PostCSS Logical underwent significant updates moving from version 3.0.0 to 4.0.0. Both versions empower developers to utilize logical properties and values within their CSS, improving layout adaptability across different writing modes and directionalities. A key difference lies in the dependency versions; version 4.0.0 upgrades the core postcss dependency to "^7.0.16", from "^7.0.2" in the older version, likely incorporating bug fixes and performance improvements from the PostCSS ecosystem. The development environment also saw substantial updates. Version 4.0.0 utilizes newer versions of tools like eslint, @babel/core, @babel/preset-env, and rollup-plugin-babel, ensuring compatibility with modern JavaScript features and linting standards. Notably, version 4.0.0 removes the eslint-config-dev dependency, potentially streamlining the development workflow. The postcss-tape version also jumped from 2.2.0 to 5.0.0 highlighting some important changes in testing approach or features enhancement, potentially. While both versions share the same permissive CC0-1.0 license and are authored by Jonathan Neal, the updated dependencies in version 4.0.0 suggest a move toward stability, alignment with current tooling standards and better integration with recent PostCSS updates. Developers should consider upgrading to version 4.0.0 to benefit from these refinements and to ensure continued compatibility with the evolving web development landscape. The unpacked size of version 4.0.0 is also slightly lower (157371) than version 3.0.0 (180876) so the newer library might be slightly more performant.

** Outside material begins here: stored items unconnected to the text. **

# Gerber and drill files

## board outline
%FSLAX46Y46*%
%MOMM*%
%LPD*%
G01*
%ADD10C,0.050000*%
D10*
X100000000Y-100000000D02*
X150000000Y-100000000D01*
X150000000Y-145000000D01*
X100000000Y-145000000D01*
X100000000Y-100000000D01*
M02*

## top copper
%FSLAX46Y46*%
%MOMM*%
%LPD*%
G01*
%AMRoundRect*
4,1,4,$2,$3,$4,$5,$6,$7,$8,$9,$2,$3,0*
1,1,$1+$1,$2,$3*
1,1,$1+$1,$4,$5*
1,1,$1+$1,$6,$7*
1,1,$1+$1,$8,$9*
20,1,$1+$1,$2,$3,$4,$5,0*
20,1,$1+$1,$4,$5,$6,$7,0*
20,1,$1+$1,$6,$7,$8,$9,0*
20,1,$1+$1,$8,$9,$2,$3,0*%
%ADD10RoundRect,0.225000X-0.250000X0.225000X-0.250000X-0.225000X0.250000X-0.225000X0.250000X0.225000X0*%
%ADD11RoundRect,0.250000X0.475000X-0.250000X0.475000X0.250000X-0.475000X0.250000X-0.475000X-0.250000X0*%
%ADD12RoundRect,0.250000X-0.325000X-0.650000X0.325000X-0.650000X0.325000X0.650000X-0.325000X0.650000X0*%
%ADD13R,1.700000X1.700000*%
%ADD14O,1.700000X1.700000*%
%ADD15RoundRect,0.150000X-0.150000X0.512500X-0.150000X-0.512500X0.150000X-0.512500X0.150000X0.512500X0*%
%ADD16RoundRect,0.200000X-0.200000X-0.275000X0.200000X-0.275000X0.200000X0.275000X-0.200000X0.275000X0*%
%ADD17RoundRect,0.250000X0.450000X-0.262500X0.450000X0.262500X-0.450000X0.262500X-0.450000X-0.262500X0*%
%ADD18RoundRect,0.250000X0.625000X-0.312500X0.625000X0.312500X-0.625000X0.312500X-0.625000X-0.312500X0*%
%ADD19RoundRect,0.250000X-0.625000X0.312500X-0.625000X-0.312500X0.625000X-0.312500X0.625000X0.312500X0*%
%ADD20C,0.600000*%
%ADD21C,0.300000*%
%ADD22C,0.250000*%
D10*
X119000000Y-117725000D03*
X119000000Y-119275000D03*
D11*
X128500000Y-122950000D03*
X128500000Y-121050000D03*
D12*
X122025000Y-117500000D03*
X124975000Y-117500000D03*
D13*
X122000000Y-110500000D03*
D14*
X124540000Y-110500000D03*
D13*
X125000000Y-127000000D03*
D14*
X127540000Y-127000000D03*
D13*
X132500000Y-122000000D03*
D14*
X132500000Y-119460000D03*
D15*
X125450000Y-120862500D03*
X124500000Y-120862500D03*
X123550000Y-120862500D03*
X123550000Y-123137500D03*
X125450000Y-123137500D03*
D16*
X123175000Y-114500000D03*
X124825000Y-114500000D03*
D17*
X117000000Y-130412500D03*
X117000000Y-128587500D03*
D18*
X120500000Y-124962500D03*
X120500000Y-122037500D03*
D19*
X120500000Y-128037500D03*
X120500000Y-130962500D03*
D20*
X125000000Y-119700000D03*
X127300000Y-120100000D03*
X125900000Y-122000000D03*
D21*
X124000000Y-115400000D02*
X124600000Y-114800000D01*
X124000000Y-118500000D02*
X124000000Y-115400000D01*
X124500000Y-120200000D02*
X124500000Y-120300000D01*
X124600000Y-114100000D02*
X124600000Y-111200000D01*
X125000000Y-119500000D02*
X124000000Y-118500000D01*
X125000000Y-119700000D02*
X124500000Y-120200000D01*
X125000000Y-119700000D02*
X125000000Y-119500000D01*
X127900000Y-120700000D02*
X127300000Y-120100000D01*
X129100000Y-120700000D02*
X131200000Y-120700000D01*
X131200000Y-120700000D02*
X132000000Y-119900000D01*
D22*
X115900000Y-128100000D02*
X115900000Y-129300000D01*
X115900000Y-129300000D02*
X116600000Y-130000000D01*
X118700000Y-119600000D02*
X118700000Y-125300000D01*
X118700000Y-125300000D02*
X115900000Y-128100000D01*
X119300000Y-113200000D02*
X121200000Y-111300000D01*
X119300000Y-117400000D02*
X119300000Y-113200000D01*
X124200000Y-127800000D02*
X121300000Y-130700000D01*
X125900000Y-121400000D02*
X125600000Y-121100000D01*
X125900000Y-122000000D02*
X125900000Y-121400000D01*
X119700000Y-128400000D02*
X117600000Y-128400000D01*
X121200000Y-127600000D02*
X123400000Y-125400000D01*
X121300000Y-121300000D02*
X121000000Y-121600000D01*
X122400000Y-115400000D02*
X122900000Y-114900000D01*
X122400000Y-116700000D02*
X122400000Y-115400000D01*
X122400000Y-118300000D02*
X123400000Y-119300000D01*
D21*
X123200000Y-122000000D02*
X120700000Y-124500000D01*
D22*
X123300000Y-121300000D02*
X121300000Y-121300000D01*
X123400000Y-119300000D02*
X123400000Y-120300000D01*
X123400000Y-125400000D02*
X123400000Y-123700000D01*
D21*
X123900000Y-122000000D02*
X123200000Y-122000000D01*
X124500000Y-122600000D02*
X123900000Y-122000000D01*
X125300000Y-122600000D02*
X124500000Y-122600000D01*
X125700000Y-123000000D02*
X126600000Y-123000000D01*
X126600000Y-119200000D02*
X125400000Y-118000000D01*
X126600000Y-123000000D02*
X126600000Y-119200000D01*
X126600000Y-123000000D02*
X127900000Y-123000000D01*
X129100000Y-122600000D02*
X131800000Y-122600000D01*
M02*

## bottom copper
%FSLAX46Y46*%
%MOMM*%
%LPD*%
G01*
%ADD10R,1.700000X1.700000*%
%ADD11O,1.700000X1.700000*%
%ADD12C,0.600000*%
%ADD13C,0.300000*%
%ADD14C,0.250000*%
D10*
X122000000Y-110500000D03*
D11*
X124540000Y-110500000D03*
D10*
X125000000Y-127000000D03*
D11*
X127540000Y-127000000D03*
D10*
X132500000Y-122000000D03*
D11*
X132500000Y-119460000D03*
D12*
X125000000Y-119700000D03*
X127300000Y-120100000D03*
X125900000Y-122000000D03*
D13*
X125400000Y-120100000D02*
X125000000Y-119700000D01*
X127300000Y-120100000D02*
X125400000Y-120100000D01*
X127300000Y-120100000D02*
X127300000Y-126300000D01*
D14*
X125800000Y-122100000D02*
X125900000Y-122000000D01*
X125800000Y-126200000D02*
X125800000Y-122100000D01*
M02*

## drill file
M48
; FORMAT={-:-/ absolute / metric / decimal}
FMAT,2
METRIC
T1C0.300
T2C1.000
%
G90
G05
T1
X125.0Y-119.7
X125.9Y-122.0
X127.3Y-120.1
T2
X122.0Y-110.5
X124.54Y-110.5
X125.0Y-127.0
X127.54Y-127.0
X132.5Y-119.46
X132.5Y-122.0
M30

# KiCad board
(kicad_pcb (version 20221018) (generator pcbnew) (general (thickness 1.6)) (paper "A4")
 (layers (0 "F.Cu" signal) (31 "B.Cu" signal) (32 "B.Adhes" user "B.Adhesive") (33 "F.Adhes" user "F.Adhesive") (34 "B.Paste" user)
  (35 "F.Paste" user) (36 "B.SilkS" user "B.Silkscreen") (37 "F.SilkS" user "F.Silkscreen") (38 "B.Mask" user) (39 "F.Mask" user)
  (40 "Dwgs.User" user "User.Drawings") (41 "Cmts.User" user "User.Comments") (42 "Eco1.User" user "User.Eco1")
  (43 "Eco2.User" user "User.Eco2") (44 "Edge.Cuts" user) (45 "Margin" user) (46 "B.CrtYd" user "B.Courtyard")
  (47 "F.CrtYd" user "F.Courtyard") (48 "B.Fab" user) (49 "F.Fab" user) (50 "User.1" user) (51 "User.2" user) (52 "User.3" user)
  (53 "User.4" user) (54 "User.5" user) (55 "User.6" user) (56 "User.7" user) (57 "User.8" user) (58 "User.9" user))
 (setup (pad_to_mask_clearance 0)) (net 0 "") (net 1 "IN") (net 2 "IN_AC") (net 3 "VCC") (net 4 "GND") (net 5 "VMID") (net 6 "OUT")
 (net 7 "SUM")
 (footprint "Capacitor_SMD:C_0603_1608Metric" (layer "F.Cu") (at 119 118.5 -90)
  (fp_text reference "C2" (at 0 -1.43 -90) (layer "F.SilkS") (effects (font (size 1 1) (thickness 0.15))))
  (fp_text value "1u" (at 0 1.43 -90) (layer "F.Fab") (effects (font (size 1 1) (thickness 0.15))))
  (pad "1" smd roundrect (at -0.775 0 270) (size 0.9 0.95) (layers "F.Cu" "F.Paste" "F.Mask") (roundrect_rratio 0.25) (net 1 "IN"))
  (pad "2" smd roundrect (at 0.775 0 270) (size 0.9 0.95) (layers "F.Cu" "F.Paste" "F.Mask") (roundrect_rratio 0.25) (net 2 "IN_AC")))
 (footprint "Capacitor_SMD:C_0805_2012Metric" (layer "F.Cu") (at 128.5 122 90)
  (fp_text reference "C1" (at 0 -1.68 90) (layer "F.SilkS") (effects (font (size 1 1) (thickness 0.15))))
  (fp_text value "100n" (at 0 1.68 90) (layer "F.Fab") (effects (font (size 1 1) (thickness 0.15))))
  (pad "1" smd roundrect (at -0.95 0 90) (size 1 1.45) (layers "F.Cu" "F.Paste" "F.Mask") (roundrect_rratio 0.25) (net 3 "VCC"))
  (pad "2" smd roundrect (at 0.95 0 90) (size 1 1.45) (layers "F.Cu" "F.Paste" "F.Mask") (roundrect_rratio 0.25) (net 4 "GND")))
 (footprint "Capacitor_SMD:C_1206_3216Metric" (layer "F.Cu") (at 123.5 117.5)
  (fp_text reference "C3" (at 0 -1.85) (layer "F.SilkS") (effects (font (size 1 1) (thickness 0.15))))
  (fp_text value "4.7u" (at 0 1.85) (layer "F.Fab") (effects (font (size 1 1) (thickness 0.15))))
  (pad "1" smd roundrect (at -1.475 0) (size 1.15 1.8) (layers "F.Cu" "F.Paste" "F.Mask") (roundrect_rratio 0.217391) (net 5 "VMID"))
  (pad "2" smd roundrect (at 1.475 0) (size 1.15 1.8) (layers "F.Cu" "F.Paste" "F.Mask") (roundrect_rratio 0.217391) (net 3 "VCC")))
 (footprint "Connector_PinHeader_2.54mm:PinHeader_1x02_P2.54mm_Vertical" (layer "F.Cu") (at 122 110.5 90)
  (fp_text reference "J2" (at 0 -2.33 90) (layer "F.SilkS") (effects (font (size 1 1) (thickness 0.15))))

All the vulnerabilities related to the version 4.0.0 of the package
PostCSS line return parsing error
An issue was discovered in PostCSS before 8.4.31. It affects linters using PostCSS to parse external Cascading Style Sheets (CSS). There may be \r
discrepancies, as demonstrated by @font-face{ font:(\r/*);}
in a rule.
This vulnerability affects linters using PostCSS to parse external untrusted CSS. An attacker can prepare CSS in such a way that it will contains parts parsed by PostCSS as a CSS comment. After processing by PostCSS, it will be included in the PostCSS output in CSS nodes (rules, properties) despite being originally included in a comment.